** TASK GOAL **
Take the material below and output exactly the run of lines from the one containing "X65549911Y-89249873D02*" down to the one containing "X66299975Y-87125273D01*", with both included.

** MATERIAL SUPPLIED **
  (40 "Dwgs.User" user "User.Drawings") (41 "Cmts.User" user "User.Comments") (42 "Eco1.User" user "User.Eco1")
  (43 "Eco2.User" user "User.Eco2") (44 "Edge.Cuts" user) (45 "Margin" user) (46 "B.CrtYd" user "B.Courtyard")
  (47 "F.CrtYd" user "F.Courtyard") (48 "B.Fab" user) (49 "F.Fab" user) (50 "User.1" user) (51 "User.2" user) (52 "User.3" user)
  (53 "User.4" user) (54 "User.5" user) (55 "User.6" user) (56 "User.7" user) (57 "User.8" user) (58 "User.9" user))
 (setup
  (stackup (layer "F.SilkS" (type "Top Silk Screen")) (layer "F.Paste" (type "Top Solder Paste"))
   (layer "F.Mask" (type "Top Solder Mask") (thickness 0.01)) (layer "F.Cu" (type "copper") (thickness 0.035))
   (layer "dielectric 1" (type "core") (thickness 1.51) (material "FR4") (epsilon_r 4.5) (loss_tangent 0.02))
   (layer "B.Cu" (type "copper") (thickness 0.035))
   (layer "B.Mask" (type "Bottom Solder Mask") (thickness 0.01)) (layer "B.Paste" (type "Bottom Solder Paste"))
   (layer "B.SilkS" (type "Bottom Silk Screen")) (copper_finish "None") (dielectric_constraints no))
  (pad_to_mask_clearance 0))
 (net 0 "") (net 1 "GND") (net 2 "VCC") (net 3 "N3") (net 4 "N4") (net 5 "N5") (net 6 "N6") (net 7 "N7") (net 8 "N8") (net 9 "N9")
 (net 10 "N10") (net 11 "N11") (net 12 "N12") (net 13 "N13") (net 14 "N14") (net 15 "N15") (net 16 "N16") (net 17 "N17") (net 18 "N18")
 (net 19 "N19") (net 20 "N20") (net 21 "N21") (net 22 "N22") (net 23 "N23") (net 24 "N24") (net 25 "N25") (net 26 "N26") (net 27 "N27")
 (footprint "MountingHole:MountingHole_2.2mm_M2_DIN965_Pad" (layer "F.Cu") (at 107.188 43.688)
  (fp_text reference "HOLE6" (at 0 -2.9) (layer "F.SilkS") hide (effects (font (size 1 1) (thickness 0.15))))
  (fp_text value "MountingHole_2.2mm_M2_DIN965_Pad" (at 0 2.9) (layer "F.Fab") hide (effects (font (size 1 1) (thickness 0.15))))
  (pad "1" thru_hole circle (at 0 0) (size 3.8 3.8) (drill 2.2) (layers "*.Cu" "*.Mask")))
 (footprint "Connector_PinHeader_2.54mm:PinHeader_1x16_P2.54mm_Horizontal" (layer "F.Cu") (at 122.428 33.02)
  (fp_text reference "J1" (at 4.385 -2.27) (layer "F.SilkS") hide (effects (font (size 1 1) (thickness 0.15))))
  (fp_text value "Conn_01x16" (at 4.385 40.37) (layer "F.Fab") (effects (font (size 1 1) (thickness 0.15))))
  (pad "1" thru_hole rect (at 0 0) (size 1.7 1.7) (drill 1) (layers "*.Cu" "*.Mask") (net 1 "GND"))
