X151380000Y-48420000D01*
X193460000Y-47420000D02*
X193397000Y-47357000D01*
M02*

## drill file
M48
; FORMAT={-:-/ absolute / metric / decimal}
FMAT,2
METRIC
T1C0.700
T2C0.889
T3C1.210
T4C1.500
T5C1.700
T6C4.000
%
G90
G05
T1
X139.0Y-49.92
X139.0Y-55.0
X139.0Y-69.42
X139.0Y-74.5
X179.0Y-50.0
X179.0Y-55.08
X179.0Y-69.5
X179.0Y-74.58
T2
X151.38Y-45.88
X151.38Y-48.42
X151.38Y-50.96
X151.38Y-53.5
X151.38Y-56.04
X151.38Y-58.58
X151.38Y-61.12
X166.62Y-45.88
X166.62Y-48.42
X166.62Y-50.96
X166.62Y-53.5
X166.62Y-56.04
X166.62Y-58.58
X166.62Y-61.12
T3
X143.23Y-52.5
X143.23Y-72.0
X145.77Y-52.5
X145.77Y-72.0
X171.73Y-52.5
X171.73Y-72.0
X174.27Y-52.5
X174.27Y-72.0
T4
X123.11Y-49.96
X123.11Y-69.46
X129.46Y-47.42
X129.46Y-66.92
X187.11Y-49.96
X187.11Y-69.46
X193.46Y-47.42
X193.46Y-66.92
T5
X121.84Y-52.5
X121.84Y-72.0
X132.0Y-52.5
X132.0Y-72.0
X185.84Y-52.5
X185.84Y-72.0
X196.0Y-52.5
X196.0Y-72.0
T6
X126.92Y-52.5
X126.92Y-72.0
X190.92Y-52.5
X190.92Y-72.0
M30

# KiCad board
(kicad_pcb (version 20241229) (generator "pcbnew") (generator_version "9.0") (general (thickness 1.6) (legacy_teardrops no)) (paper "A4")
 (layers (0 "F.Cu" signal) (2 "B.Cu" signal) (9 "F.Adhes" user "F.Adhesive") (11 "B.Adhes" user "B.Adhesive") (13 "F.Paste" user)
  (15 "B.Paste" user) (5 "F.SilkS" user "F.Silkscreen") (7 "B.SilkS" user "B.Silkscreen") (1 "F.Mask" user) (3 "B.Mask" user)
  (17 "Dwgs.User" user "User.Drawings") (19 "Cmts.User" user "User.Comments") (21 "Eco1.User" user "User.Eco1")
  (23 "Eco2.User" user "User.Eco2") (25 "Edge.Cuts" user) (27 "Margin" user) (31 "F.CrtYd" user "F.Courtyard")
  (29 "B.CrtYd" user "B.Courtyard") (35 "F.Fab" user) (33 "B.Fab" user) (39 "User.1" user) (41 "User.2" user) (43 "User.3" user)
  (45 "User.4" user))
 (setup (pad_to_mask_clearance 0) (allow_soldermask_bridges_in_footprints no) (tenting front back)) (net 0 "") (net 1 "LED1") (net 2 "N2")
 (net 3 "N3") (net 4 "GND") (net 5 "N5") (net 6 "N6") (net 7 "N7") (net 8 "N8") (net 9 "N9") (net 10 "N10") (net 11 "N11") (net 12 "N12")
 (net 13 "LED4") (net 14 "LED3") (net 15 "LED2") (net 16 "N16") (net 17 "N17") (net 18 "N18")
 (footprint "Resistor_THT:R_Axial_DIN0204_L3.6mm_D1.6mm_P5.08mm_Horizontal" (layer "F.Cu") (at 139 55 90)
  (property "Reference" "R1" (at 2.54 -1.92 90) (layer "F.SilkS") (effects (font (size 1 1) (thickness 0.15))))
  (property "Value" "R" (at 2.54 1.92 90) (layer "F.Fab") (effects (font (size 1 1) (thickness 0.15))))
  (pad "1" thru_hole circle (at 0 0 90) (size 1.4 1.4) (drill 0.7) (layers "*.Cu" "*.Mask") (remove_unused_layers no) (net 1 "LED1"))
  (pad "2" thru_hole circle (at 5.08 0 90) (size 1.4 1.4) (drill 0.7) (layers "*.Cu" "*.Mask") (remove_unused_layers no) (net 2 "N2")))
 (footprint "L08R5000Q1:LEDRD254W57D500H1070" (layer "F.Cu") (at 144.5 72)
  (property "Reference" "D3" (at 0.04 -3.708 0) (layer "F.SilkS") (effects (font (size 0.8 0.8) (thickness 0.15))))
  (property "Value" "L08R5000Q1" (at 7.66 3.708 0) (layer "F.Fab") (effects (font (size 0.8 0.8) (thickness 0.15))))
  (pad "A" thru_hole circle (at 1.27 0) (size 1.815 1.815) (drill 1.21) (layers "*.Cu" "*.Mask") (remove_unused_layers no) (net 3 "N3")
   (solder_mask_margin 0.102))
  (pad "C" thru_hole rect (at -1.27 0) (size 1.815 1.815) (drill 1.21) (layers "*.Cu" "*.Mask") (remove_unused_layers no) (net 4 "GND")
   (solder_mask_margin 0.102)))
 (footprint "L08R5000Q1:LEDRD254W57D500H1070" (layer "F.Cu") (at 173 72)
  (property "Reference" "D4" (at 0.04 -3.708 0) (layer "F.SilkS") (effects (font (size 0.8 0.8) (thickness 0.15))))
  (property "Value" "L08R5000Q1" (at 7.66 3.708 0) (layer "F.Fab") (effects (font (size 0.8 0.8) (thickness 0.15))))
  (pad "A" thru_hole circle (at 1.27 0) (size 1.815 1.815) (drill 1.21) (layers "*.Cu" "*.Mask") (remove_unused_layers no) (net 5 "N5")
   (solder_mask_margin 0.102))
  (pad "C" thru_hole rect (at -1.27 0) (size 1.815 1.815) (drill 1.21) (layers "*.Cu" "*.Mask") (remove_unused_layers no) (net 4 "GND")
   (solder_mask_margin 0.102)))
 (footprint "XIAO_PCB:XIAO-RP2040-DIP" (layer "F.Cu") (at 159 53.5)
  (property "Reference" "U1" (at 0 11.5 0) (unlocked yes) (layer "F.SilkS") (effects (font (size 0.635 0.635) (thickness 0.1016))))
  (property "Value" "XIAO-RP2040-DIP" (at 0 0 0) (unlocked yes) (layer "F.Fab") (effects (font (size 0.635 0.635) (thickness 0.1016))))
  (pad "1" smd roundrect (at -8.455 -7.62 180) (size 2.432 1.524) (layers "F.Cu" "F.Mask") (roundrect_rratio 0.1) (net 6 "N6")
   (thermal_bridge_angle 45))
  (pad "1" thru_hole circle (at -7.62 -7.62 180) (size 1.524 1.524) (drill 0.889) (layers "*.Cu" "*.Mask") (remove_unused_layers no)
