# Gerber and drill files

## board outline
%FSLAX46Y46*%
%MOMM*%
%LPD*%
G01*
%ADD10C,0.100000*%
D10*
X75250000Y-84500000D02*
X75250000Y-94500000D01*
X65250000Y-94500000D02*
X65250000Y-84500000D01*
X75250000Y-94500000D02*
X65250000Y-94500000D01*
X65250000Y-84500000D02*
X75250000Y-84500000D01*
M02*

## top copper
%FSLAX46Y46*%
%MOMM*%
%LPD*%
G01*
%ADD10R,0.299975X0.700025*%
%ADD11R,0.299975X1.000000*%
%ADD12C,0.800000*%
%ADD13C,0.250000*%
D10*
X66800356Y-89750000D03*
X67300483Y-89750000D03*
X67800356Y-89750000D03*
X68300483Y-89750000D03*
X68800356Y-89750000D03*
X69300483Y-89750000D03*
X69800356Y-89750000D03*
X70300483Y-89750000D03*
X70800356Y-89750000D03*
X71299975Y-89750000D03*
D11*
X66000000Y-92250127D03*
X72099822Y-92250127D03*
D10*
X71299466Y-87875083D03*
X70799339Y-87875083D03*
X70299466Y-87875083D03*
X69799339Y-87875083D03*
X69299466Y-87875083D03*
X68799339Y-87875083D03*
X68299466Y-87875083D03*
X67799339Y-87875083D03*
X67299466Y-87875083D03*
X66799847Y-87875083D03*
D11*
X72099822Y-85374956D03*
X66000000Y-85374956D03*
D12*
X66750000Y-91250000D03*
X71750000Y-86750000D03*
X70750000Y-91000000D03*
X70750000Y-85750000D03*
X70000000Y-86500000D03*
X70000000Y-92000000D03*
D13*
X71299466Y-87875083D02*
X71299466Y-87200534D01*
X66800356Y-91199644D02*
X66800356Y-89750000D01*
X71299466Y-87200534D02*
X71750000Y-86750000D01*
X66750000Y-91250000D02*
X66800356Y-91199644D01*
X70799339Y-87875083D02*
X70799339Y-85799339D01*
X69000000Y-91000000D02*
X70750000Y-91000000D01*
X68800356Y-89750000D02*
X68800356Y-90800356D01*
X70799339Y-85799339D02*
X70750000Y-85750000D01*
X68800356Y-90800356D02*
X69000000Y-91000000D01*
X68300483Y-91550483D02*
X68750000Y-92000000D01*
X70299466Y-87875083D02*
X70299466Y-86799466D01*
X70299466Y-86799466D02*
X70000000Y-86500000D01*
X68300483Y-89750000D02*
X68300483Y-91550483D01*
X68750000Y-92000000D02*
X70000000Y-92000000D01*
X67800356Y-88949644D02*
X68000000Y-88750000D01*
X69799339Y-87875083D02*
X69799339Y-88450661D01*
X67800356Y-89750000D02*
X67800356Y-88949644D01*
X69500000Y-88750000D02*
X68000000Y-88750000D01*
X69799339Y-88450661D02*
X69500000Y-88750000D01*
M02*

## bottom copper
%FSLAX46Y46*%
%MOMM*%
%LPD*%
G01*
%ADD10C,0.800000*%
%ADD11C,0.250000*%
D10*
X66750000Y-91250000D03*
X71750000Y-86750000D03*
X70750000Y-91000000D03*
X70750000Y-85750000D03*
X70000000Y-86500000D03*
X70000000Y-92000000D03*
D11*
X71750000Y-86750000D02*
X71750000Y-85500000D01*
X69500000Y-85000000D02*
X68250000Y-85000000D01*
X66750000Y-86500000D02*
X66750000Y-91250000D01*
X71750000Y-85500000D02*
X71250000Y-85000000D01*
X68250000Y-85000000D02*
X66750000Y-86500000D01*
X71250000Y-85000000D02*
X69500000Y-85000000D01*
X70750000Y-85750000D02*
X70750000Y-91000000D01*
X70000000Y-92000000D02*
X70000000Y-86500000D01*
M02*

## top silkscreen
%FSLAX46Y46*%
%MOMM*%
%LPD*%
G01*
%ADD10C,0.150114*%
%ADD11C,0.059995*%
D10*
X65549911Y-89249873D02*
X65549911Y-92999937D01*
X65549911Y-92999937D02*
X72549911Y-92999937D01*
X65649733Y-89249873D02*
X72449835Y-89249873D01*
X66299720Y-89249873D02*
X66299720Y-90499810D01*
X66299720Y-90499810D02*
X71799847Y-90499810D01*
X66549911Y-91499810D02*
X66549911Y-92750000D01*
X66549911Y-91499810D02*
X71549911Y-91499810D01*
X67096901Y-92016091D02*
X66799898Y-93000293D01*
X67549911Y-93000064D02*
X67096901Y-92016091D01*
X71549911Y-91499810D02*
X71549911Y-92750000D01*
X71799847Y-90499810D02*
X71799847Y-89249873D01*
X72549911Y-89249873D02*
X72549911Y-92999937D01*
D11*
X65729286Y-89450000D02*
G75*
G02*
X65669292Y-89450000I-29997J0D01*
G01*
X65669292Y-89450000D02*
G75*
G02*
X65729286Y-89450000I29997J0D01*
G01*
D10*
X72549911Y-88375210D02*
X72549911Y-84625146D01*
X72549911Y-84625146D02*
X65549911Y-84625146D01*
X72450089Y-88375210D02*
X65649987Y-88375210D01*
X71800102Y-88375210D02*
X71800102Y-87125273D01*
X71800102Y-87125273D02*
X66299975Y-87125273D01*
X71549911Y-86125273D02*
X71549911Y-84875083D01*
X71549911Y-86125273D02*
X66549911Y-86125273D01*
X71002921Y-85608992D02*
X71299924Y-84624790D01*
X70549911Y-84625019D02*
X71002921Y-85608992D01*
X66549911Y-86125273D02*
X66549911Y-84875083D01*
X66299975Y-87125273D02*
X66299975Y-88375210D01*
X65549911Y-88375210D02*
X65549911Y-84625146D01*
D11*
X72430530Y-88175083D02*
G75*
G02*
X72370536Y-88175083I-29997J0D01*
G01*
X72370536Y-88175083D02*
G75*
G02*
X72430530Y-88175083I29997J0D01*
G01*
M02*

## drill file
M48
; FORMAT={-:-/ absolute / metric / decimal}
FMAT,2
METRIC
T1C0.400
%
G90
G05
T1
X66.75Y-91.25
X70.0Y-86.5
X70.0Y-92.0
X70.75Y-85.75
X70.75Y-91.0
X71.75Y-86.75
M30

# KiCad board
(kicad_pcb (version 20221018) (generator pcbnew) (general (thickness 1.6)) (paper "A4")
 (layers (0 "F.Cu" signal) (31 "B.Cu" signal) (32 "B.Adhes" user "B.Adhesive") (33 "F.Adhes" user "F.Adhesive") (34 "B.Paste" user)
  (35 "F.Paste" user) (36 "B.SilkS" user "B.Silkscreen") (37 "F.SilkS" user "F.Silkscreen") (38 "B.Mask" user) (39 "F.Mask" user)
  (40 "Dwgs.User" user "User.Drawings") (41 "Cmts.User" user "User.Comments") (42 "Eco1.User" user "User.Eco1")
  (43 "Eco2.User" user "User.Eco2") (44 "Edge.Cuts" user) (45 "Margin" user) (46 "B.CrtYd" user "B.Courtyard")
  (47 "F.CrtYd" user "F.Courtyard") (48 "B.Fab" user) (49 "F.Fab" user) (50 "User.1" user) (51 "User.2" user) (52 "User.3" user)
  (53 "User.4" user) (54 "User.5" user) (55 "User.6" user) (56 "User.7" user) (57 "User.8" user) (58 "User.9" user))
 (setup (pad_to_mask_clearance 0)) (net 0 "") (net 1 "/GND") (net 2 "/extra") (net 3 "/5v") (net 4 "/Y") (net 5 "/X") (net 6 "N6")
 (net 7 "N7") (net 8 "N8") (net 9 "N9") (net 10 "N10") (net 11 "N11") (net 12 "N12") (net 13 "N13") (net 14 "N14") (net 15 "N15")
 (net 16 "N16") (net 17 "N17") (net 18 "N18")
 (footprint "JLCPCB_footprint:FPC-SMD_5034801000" (layer "F.Cu") (at 69.049911 91.125083)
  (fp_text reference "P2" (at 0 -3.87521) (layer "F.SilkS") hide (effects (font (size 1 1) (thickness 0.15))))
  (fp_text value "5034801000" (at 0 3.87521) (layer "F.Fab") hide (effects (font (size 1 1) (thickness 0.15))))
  (fp_line (start -3.5 -1.87521) (end -3.5 1.874854) (stroke (width 0.150114) (type solid)) (layer "F.SilkS"))
  (fp_line (start -3.5 1.874854) (end 3.5 1.874854) (stroke (width 0.150114) (type solid)) (layer "F.SilkS"))
  (fp_line (start -3.400178 -1.87521) (end 3.399924 -1.87521) (stroke (width 0.150114) (type solid)) (layer "F.SilkS"))
  (fp_line (start -2.750191 -1.87521) (end -2.750191 -0.625273) (stroke (width 0.150114) (type solid)) (layer "F.SilkS"))
  (fp_line (start -2.750191 -0.625273) (end 2.749936 -0.625273) (stroke (width 0.150114) (type solid)) (layer "F.SilkS"))
  (fp_line (start -2.5 0.374727) (end -2.5 1.624917) (stroke (width 0.150114) (type solid)) (layer "F.SilkS"))
  (fp_line (start -2.5 0.374727) (end 2.5 0.374727) (stroke (width 0.150114) (type solid)) (layer "F.SilkS"))
  (fp_line (start -1.95301 0.891008) (end -2.250013 1.87521) (stroke (width 0.150114) (type solid)) (layer "F.SilkS"))
  (fp_line (start -1.5 1.874981) (end -1.95301 0.891008) (stroke (width 0.150114) (type solid)) (layer "F.SilkS"))
  (fp_line (start 2.5 0.374727) (end 2.5 1.624917) (stroke (width 0.150114) (type solid)) (layer "F.SilkS"))
  (fp_line (start 2.749936 -0.625273) (end 2.749936 -1.87521) (stroke (width 0.150114) (type solid)) (layer "F.SilkS"))
  (fp_line (start 3.5 -1.87521) (end 3.5 1.874854) (stroke (width 0.150114) (type solid)) (layer "F.SilkS"))
  (fp_circle (center -3.350622 -1.675083) (end -3.320625 -1.675083) (stroke (width 0.059995) (type solid)) (fill none) (layer "F.SilkS"))
  (pad "1" smd rect (at -2.249555 -1.375083 180) (size 0.299975 0.700025) (layers "F.Cu" "F.Paste" "F.Mask") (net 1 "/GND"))
  (pad "2" smd rect (at -1.749428 -1.375083 180) (size 0.299975 0.700025) (layers "F.Cu" "F.Paste" "F.Mask") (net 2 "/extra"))
  (pad "3" smd rect (at -1.249555 -1.375083 180) (size 0.299975 0.700025) (layers "F.Cu" "F.Paste" "F.Mask") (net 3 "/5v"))
  (pad "4" smd rect (at -0.749428 -1.375083 180) (size 0.299975 0.700025) (layers "F.Cu" "F.Paste" "F.Mask") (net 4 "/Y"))
  (pad "5" smd rect (at -0.249555 -1.375083 180) (size 0.299975 0.700025) (layers "F.Cu" "F.Paste" "F.Mask") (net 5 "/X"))
  (pad "6" smd rect (at 0.250572 -1.375083 180) (size 0.299975 0.700025) (layers "F.Cu" "F.Paste" "F.Mask") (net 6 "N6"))
  (pad "7" smd rect (at 0.750445 -1.375083 180) (size 0.299975 0.700025) (layers "F.Cu" "F.Paste" "F.Mask") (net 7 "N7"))
  (pad "8" smd rect (at 1.250572 -1.375083 180) (size 0.299975 0.700025) (layers "F.Cu" "F.Paste" "F.Mask") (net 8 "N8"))
  (pad "9" smd rect (at 1.750445 -1.375083 180) (size 0.299975 0.700025) (layers "F.Cu" "F.Paste" "F.Mask") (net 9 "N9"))
  (pad "10" smd rect (at 2.250064 -1.375083 180) (size 0.299975 0.700025) (layers "F.Cu" "F.Paste" "F.Mask") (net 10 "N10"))
  (pad "11" smd rect (at -3.049911 1.125044) (size 0.299975 1) (layers "F.Cu" "F.Paste" "F.Mask") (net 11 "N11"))
  (pad "12" smd rect (at 3.049911 1.125044 180) (size 0.299975 1) (layers "F.Cu" "F.Paste" "F.Mask") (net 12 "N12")))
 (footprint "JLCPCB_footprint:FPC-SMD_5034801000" (layer "F.Cu") (at 69.049911 86.5 180)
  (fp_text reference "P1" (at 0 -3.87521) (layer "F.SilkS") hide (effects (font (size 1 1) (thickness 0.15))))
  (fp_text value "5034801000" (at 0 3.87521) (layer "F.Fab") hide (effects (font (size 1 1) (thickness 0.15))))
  (fp_line (start -3.5 -1.87521) (end -3.5 1.874854) (stroke (width 0.150114) (type solid)) (layer "F.SilkS"))
  (fp_line (start -3.5 1.874854) (end 3.5 1.874854) (stroke (width 0.150114) (type solid)) (layer "F.SilkS"))
  (fp_line (start -3.400178 -1.87521) (end 3.399924 -1.87521) (stroke (width 0.150114) (type solid)) (layer "F.SilkS"))
  (fp_line (start -2.750191 -1.87521) (end -2.750191 -0.625273) (stroke (width 0.150114) (type solid)) (layer "F.SilkS"))
  (fp_line (start -2.750191 -0.625273) (end 2.749936 -0.625273) (stroke (width 0.150114) (type solid)) (layer "F.SilkS"))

** RESULT FOR THIS EXERCISE **
X65549911Y-89249873D02*
X65549911Y-92999937D01*
X65549911Y-92999937D02*
X72549911Y-92999937D01*
X65649733Y-89249873D02*
X72449835Y-89249873D01*
X66299720Y-89249873D02*
X66299720Y-90499810D01*
X66299720Y-90499810D02*
X71799847Y-90499810D01*
X66549911Y-91499810D02*
X66549911Y-92750000D01*
X66549911Y-91499810D02*
X71549911Y-91499810D01*
X67096901Y-92016091D02*
X66799898Y-93000293D01*
X67549911Y-93000064D02*
X67096901Y-92016091D01*
X71549911Y-91499810D02*
X71549911Y-92750000D01*
X71799847Y-90499810D02*
X71799847Y-89249873D01*
X72549911Y-89249873D02*
X72549911Y-92999937D01*
D11*
X65729286Y-89450000D02*
G75*
G02*
X65669292Y-89450000I-29997J0D01*
G01*
X65669292Y-89450000D02*
G75*
G02*
X65729286Y-89450000I29997J0D01*
G01*
D10*
X72549911Y-88375210D02*
X72549911Y-84625146D01*
X72549911Y-84625146D02*
X65549911Y-84625146D01*
X72450089Y-88375210D02*
X65649987Y-88375210D01*
X71800102Y-88375210D02*
X71800102Y-87125273D01*
X71800102Y-87125273D02*
X66299975Y-87125273D01*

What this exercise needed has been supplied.